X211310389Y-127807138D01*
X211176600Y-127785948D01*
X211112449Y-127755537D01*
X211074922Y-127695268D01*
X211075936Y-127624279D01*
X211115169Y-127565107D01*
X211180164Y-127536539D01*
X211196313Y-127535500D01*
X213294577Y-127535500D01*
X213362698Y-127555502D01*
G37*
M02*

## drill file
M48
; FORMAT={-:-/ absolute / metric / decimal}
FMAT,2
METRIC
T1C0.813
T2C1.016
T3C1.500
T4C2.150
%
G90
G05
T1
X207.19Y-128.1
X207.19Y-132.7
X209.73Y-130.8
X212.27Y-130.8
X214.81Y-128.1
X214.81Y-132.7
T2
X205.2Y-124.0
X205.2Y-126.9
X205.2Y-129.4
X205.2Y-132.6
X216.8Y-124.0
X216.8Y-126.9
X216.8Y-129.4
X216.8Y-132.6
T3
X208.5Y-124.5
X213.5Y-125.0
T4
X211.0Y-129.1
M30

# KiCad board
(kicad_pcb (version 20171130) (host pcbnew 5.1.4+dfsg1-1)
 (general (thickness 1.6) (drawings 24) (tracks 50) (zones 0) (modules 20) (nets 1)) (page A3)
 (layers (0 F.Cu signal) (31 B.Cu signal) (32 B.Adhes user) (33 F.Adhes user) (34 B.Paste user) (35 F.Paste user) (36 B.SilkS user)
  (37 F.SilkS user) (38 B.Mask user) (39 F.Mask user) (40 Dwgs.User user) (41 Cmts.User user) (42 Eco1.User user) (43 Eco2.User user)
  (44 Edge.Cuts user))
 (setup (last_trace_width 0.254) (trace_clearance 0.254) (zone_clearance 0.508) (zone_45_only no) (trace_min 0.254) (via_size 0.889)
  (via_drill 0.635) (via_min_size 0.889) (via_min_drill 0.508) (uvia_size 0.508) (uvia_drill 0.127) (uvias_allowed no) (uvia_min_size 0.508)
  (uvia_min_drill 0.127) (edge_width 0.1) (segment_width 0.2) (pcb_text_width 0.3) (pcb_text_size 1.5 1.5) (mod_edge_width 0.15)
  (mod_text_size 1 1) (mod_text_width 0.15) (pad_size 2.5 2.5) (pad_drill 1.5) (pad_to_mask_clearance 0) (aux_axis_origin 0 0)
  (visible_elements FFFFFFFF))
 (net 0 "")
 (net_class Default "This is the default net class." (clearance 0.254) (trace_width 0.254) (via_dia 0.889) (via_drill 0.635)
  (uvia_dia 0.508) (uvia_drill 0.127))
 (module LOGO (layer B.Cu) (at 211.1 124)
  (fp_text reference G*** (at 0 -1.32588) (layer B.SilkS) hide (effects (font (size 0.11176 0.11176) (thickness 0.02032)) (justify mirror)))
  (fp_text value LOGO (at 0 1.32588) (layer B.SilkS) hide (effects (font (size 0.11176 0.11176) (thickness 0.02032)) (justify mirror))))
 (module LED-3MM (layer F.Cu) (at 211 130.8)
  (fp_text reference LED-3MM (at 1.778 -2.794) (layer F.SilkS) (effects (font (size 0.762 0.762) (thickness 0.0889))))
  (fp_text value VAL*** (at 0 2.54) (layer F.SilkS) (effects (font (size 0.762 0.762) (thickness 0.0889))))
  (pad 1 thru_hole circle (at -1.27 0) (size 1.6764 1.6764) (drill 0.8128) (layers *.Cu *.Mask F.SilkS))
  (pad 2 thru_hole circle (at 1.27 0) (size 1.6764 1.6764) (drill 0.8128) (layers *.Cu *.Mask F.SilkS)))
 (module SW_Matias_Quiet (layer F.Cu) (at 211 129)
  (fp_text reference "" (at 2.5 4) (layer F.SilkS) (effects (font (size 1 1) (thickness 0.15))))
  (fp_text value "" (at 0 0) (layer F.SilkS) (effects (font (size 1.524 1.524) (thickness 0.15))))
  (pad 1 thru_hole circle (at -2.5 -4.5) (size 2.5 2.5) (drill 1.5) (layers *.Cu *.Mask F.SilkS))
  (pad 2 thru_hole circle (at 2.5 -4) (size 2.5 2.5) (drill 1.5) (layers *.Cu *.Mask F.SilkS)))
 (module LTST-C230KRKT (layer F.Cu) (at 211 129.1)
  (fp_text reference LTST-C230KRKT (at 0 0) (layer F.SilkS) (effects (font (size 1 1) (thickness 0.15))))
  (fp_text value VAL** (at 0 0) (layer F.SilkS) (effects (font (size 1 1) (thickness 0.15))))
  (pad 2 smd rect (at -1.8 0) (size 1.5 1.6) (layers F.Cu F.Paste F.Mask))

****

• What to work on:
Lines above with "user" in them are the ones to copy.

• Exercise output:
 (layers (0 F.Cu signal) (31 B.Cu signal) (32 B.Adhes user) (33 F.Adhes user) (34 B.Paste user) (35 F.Paste user) (36 B.SilkS user)
  (37 F.SilkS user) (38 B.Mask user) (39 F.Mask user) (40 Dwgs.User user) (41 Cmts.User user) (42 Eco1.User user) (43 Eco2.User user)
  (44 Edge.Cuts user))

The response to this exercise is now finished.